Riso indice glicemico e diabete di tipo 2 | quale preferire e come deamidarlo

Riso indice glicemico e diabete di tipo 2 | quale preferire e come deamidarlo.
Condivido i miei appunti.

Riso indice glicemico e diabete di tipo 2 | quale preferire e come deamidarlo

FAQ – Domande frequenti su riso e diabete

Tra le domande più frequenti in tema di diabete e riso:
– Chi ha il diabete può mangiare il riso?
– Quale tipo di riso va bene per i diabetici?
– Quale riso ha indice glicemico più basso?

Sono tutte domande che dovresti porre al tuo diabetologo!
Detto questo, ti lascio i miei appunti personali sull’argomento.

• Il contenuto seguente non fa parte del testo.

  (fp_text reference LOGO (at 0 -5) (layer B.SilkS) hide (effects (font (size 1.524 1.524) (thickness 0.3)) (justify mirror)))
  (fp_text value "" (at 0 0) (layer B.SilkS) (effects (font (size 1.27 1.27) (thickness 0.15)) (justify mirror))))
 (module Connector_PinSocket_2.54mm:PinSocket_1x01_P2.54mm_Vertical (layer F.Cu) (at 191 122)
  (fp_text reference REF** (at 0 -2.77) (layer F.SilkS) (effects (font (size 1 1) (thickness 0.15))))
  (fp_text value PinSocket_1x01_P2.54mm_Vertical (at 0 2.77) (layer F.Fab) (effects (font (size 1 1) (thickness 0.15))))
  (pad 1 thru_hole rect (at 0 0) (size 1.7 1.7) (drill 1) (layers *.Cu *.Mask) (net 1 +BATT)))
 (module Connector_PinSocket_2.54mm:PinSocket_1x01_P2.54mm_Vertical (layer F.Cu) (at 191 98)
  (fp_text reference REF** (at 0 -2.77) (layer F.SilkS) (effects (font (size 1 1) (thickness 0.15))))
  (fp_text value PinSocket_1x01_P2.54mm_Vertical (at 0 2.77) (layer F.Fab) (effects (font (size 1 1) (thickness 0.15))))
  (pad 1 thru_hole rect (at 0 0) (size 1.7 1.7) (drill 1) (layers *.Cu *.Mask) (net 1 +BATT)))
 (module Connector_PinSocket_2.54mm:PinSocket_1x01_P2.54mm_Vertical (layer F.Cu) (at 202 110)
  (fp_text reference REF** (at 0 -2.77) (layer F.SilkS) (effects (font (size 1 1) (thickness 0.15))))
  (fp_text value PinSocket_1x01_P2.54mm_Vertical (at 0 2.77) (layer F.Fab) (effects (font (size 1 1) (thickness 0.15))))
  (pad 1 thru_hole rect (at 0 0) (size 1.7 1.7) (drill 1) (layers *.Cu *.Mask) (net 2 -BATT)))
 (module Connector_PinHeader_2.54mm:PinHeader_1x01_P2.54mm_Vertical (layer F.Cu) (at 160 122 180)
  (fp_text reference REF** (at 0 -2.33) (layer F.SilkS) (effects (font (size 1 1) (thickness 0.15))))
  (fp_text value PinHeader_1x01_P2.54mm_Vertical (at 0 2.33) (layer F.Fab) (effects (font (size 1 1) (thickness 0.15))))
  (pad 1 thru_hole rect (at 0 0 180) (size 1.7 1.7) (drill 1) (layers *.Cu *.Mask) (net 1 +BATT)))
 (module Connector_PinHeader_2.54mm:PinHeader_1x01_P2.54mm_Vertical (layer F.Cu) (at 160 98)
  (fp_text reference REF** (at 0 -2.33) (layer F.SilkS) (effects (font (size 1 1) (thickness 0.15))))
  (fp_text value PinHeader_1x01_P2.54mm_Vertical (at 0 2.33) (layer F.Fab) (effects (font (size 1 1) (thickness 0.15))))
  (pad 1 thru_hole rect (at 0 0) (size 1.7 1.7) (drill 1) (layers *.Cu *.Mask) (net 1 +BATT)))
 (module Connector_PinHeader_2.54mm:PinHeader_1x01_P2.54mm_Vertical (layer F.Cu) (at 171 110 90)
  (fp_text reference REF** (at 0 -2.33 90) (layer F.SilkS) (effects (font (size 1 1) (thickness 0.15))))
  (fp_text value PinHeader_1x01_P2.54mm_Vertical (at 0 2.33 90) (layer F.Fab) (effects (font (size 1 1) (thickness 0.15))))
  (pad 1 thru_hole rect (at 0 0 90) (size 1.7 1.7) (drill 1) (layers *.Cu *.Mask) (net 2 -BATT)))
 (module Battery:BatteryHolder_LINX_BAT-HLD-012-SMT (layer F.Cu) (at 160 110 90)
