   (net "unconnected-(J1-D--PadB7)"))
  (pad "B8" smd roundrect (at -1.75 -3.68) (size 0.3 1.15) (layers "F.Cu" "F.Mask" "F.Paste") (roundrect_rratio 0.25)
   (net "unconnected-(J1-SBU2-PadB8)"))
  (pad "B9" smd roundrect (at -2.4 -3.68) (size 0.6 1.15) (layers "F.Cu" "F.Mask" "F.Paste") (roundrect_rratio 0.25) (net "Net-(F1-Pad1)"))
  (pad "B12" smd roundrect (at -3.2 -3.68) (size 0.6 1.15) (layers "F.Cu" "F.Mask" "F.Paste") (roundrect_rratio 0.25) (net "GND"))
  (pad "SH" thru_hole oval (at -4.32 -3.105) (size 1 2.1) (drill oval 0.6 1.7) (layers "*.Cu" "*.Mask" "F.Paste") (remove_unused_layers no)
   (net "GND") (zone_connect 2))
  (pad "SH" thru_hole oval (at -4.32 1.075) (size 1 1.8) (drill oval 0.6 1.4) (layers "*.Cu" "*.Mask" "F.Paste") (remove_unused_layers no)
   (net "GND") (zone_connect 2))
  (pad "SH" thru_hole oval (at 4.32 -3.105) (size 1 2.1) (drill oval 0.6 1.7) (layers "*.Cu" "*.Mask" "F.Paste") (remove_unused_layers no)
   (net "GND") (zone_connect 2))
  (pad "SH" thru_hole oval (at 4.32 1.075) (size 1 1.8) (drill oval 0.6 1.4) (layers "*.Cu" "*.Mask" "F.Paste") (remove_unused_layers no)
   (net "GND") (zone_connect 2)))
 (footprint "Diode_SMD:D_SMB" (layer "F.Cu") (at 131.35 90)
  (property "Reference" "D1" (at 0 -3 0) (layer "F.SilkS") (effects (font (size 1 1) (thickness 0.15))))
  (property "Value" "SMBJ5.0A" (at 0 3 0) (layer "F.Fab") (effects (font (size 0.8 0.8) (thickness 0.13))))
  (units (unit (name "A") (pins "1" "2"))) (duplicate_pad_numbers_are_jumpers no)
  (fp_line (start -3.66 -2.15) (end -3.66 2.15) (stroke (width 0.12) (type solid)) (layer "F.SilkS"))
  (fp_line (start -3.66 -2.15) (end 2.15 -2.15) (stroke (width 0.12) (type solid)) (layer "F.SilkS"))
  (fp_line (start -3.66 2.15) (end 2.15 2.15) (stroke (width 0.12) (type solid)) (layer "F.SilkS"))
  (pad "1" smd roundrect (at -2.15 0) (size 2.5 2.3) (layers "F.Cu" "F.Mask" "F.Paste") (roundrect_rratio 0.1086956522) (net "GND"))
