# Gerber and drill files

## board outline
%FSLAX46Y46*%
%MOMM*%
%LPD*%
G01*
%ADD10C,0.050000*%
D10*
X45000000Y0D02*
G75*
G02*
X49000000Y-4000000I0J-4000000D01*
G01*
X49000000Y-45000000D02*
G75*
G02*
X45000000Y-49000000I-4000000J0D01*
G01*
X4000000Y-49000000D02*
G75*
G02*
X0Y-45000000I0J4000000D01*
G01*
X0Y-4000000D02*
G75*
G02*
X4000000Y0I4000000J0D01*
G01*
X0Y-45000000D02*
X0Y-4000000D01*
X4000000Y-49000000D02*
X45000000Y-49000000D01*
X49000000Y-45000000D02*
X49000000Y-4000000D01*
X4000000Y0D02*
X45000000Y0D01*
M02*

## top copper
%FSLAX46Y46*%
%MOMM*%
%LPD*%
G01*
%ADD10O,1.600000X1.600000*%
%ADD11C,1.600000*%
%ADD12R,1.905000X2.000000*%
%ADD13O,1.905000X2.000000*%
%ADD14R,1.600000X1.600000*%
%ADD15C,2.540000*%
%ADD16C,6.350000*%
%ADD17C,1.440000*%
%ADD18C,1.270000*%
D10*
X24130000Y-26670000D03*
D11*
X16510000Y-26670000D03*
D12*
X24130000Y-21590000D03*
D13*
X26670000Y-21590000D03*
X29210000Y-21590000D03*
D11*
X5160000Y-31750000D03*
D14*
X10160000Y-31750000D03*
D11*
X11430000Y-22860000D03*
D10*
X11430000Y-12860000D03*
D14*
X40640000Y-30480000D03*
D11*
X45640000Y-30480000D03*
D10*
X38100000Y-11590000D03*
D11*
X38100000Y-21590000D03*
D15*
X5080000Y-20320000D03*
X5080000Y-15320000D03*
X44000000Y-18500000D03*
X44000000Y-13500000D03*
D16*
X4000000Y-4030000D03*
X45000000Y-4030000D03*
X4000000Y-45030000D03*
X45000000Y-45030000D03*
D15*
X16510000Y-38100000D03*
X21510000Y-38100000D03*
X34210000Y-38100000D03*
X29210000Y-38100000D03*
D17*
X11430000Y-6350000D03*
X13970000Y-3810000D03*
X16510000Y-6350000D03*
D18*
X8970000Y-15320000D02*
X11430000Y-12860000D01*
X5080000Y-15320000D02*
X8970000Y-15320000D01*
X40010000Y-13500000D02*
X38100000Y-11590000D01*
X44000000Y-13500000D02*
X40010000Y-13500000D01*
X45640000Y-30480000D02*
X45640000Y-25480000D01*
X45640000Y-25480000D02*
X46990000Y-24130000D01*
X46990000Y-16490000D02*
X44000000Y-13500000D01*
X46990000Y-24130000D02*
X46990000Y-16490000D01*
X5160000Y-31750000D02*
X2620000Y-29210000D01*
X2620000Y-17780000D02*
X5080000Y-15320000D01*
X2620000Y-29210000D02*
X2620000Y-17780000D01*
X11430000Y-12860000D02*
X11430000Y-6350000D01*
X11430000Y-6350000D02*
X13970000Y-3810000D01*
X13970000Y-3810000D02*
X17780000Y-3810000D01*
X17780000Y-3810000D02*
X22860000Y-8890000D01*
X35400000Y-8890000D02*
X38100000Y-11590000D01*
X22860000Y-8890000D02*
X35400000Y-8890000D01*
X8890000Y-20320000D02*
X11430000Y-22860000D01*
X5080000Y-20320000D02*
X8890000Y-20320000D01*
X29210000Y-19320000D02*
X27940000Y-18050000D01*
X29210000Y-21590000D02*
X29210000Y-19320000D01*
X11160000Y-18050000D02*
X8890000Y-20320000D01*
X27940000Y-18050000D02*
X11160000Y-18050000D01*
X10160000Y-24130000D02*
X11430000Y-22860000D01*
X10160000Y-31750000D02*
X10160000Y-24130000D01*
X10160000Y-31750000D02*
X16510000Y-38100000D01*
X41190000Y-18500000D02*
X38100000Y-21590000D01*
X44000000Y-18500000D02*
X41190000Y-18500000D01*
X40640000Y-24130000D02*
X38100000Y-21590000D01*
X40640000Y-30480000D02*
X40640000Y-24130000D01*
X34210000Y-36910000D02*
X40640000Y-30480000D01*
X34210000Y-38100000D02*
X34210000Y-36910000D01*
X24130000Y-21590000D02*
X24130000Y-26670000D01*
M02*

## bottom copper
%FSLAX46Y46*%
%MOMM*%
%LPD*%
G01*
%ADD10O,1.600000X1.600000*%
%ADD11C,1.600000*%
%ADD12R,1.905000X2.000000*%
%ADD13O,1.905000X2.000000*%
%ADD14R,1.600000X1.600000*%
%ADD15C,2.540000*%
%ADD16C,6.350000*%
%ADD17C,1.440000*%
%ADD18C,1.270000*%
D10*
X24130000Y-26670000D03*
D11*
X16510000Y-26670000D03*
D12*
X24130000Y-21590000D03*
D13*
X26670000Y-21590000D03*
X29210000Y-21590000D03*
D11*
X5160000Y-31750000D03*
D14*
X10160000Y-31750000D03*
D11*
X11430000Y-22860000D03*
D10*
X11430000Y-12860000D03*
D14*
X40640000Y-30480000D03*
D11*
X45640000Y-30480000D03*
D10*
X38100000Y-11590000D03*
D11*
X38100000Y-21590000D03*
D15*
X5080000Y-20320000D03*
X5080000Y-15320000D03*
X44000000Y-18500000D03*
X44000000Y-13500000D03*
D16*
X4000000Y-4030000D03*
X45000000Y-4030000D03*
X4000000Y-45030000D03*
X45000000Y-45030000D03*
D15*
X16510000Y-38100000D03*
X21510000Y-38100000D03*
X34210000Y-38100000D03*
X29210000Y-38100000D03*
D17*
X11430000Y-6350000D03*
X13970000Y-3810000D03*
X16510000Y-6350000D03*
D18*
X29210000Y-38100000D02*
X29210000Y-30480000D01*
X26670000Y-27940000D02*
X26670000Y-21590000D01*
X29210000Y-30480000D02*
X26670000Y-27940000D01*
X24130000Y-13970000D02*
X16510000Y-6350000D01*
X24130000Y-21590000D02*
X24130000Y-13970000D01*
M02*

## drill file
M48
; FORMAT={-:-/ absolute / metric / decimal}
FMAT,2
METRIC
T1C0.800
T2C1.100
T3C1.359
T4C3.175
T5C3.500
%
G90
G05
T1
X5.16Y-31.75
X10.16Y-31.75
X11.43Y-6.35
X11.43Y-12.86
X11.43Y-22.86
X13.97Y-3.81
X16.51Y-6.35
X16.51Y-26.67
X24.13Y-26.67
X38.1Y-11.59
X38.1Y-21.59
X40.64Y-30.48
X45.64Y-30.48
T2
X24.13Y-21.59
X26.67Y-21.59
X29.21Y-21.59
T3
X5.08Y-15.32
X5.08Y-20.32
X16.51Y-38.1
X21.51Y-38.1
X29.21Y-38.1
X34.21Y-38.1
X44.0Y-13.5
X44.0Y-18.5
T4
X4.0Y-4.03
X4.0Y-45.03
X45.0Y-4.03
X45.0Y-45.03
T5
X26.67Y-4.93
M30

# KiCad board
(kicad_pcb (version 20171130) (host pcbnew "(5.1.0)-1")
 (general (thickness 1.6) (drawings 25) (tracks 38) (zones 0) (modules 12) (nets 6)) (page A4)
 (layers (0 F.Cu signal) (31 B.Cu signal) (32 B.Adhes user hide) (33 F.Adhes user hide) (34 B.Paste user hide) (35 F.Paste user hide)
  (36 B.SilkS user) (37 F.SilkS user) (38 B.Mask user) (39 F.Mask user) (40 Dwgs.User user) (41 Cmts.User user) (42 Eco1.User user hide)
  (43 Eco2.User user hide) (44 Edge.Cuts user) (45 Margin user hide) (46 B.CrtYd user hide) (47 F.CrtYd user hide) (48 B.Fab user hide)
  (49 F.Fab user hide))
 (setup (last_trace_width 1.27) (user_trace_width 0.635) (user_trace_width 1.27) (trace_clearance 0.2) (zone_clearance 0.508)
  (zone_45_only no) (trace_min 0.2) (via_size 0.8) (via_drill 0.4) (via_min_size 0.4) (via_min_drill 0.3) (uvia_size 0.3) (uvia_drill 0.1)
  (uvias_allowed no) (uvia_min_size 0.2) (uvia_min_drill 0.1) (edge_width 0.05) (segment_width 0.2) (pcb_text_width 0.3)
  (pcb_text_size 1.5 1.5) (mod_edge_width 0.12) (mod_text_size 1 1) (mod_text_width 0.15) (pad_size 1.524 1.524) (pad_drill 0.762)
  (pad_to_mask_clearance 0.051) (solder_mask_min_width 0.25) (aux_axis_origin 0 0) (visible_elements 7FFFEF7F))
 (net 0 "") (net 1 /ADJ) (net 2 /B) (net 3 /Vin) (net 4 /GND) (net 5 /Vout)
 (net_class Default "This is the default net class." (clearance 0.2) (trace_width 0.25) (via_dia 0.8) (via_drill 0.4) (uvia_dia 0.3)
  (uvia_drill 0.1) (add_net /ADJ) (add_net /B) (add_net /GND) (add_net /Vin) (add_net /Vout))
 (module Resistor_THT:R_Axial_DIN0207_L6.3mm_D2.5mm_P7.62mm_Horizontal (layer F.Cu) (at 16.51 26.67)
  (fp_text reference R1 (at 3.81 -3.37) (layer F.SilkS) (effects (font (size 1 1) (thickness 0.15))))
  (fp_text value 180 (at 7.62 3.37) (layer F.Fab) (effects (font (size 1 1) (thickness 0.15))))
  (pad 2 thru_hole oval (at 7.62 0) (size 1.6 1.6) (drill 0.8) (layers *.Cu *.Mask) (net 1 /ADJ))
  (pad 1 thru_hole circle (at 0 0) (size 1.6 1.6) (drill 0.8) (layers *.Cu *.Mask) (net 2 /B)))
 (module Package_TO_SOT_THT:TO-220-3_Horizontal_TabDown (layer F.Cu) (at 24.13 21.59)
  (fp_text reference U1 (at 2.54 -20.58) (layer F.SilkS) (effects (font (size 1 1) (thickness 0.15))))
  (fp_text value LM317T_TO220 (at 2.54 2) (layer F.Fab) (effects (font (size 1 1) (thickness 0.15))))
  (pad "" np_thru_hole oval (at 2.54 -16.66) (size 3.5 3.5) (drill 3.5) (layers *.Cu *.Mask))
  (pad 1 thru_hole rect (at 0 0) (size 1.905 2) (drill 1.1) (layers *.Cu *.Mask) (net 1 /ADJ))
  (pad 2 thru_hole oval (at 2.54 0) (size 1.905 2) (drill 1.1) (layers *.Cu *.Mask) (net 2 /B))
  (pad 3 thru_hole oval (at 5.08 0) (size 1.905 2) (drill 1.1) (layers *.Cu *.Mask) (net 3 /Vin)))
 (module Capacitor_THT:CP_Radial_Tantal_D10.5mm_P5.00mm (layer F.Cu) (at 10.16 31.75 180)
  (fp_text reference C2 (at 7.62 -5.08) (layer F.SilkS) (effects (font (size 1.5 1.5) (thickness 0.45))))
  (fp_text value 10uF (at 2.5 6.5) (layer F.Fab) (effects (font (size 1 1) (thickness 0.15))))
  (pad 2 thru_hole circle (at 5 0 180) (size 1.6 1.6) (drill 0.8) (layers *.Cu *.Mask) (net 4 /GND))
  (pad 1 thru_hole rect (at 0 0 180) (size 1.6 1.6) (drill 0.8) (layers *.Cu *.Mask) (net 3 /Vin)))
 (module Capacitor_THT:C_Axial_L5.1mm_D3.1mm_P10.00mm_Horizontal (layer F.Cu) (at 11.43 22.86 90)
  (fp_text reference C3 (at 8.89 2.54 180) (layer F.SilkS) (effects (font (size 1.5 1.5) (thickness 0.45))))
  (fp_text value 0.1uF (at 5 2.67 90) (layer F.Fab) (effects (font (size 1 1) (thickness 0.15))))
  (pad 1 thru_hole circle (at 0 0 90) (size 1.6 1.6) (drill 0.8) (layers *.Cu *.Mask) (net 3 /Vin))
  (pad 2 thru_hole oval (at 10 0 90) (size 1.6 1.6) (drill 0.8) (layers *.Cu *.Mask) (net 4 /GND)))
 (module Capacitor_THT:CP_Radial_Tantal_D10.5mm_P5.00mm (layer F.Cu) (at 40.64 30.48)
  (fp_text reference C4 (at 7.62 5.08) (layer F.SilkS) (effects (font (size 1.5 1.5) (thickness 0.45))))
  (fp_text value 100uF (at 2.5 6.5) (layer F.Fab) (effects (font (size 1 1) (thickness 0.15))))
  (pad 1 thru_hole rect (at 0 0) (size 1.6 1.6) (drill 0.8) (layers *.Cu *.Mask) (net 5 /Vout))
  (pad 2 thru_hole circle (at 5 0) (size 1.6 1.6) (drill 0.8) (layers *.Cu *.Mask) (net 4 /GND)))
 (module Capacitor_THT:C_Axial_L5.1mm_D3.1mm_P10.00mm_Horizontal (layer F.Cu) (at 38.1 21.59 90)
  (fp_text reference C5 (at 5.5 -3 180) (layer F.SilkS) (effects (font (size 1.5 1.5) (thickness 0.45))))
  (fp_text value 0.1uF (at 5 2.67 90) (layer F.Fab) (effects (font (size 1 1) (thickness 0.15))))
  (pad 2 thru_hole oval (at 10 0 90) (size 1.6 1.6) (drill 0.8) (layers *.Cu *.Mask) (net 4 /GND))
  (pad 1 thru_hole circle (at 0 0 90) (size 1.6 1.6) (drill 0.8) (layers *.Cu *.Mask) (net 5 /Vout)))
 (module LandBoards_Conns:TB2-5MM (layer F.Cu) (at 5.08 20.32 90)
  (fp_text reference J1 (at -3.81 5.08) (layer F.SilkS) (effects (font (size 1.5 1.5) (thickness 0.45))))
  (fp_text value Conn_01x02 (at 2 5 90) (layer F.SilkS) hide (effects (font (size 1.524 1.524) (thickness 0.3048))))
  (pad 1 thru_hole circle (at 0 0 90) (size 2.54 2.54) (drill 1.3589) (layers *.Cu *.Mask F.SilkS) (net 3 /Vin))
  (pad 2 thru_hole circle (at 5 0 90) (size 2.54 2.54) (drill 1.3589) (layers *.Cu *.Mask F.SilkS) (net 4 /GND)))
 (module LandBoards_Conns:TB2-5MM (layer F.Cu) (at 44 13.5 270)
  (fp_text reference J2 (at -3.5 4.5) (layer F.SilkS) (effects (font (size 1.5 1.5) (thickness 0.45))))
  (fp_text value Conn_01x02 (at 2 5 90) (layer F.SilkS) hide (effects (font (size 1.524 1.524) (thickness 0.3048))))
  (pad 2 thru_hole circle (at 5 0 270) (size 2.54 2.54) (drill 1.3589) (layers *.Cu *.Mask F.SilkS) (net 5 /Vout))
  (pad 1 thru_hole circle (at 0 0 270) (size 2.54 2.54) (drill 1.3589) (layers *.Cu *.Mask F.SilkS) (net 4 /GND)))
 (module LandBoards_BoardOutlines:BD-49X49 (layer F.Cu) (at 0 49.03)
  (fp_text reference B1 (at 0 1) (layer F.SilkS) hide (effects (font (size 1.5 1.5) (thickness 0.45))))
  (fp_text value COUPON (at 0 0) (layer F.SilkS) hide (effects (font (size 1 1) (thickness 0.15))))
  (pad 1 thru_hole circle (at 4 -45) (size 6.35 6.35) (drill 3.175) (layers *.Cu *.Mask F.SilkS))
  (pad 2 thru_hole circle (at 45 -45) (size 6.35 6.35) (drill 3.175) (layers *.Cu *.Mask F.SilkS))
  (pad 3 thru_hole circle (at 4 -4) (size 6.35 6.35) (drill 3.175) (layers *.Cu *.Mask F.SilkS))
  (pad 4 thru_hole circle (at 45 -4) (size 6.35 6.35) (drill 3.175) (layers *.Cu *.Mask F.SilkS)))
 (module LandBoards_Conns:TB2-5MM (layer F.Cu) (at 16.51 38.1)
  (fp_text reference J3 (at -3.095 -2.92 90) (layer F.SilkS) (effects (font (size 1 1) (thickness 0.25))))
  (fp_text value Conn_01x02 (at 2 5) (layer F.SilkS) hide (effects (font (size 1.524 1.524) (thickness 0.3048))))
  (pad 1 thru_hole circle (at 0 0) (size 2.54 2.54) (drill 1.3589) (layers *.Cu *.Mask F.SilkS) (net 3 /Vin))
  (pad 2 thru_hole circle (at 5 0) (size 2.54 2.54) (drill 1.3589) (layers *.Cu *.Mask F.SilkS)))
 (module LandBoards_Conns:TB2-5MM (layer F.Cu) (at 29.21 38.1)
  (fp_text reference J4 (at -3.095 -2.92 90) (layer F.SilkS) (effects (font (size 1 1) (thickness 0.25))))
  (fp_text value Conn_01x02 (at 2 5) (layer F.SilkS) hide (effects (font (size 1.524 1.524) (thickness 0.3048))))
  (pad 2 thru_hole circle (at 5 0) (size 2.54 2.54) (drill 1.3589) (layers *.Cu *.Mask F.SilkS) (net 5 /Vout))
  (pad 1 thru_hole circle (at 0 0) (size 2.54 2.54) (drill 1.3589) (layers *.Cu *.Mask F.SilkS) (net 2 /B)))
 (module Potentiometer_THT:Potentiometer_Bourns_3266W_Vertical (layer F.Cu) (at 11.43 6.35 180)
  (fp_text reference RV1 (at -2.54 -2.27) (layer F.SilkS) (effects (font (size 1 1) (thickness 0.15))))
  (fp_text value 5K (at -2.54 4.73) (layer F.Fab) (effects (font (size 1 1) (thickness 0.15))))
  (pad 1 thru_hole circle (at 0 0 180) (size 1.44 1.44) (drill 0.8) (layers *.Cu *.Mask) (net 4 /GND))
  (pad 2 thru_hole circle (at -2.54 2.54 180) (size 1.44 1.44) (drill 0.8) (layers *.Cu *.Mask) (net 4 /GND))
  (pad 3 thru_hole circle (at -5.08 0 180) (size 1.44 1.44) (drill 0.8) (layers *.Cu *.Mask) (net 1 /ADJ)))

Indice glicemico e carico glicemico spiegati in modo chiaro

Riso | indice glicemico

L’indice glicemico del riso assume valori differenti secondo il tipo, il processo produttivo e il metodo di cottura.

Indice glicemico del riso
– riso selvatico o riso selvaggio IG 30;
– riso venere IG 45;
– riso basmati integrale IG 45;
– riso basmati IG 50;
– riso integrale IG 50;
– riso parboiled [letteralmente parzialmente bollito] valori nutrizionali simili a quelli del riso integrale ma contenuto di fibre inferiore IG 50;
– riso rosso IG 55;
– riso comune IG 70.

Inoltre:
– riso soffiato e gallette di riso IG 60;
– latte di riso IG 85;
– farina di riso IG 95.

Fonte: Metodo Montignac.

Consigli
– evita il riso bianco e preferisci varietà a basso indice glicemico;
– evita riso soffiato e gallette di riso, latte di riso, farina di riso;
inizia il pasto con una porzione abbondante di verdura cruda o cotta e abbina il riso a fibre, proteine magre e grassi buoni per rallentare l’assorbimento dei carboidrati.

Preparazione del riso

Preparazione del riso

Accorgimenti utili per la preparazione del riso al fine di ridurne l’impatto glicemico.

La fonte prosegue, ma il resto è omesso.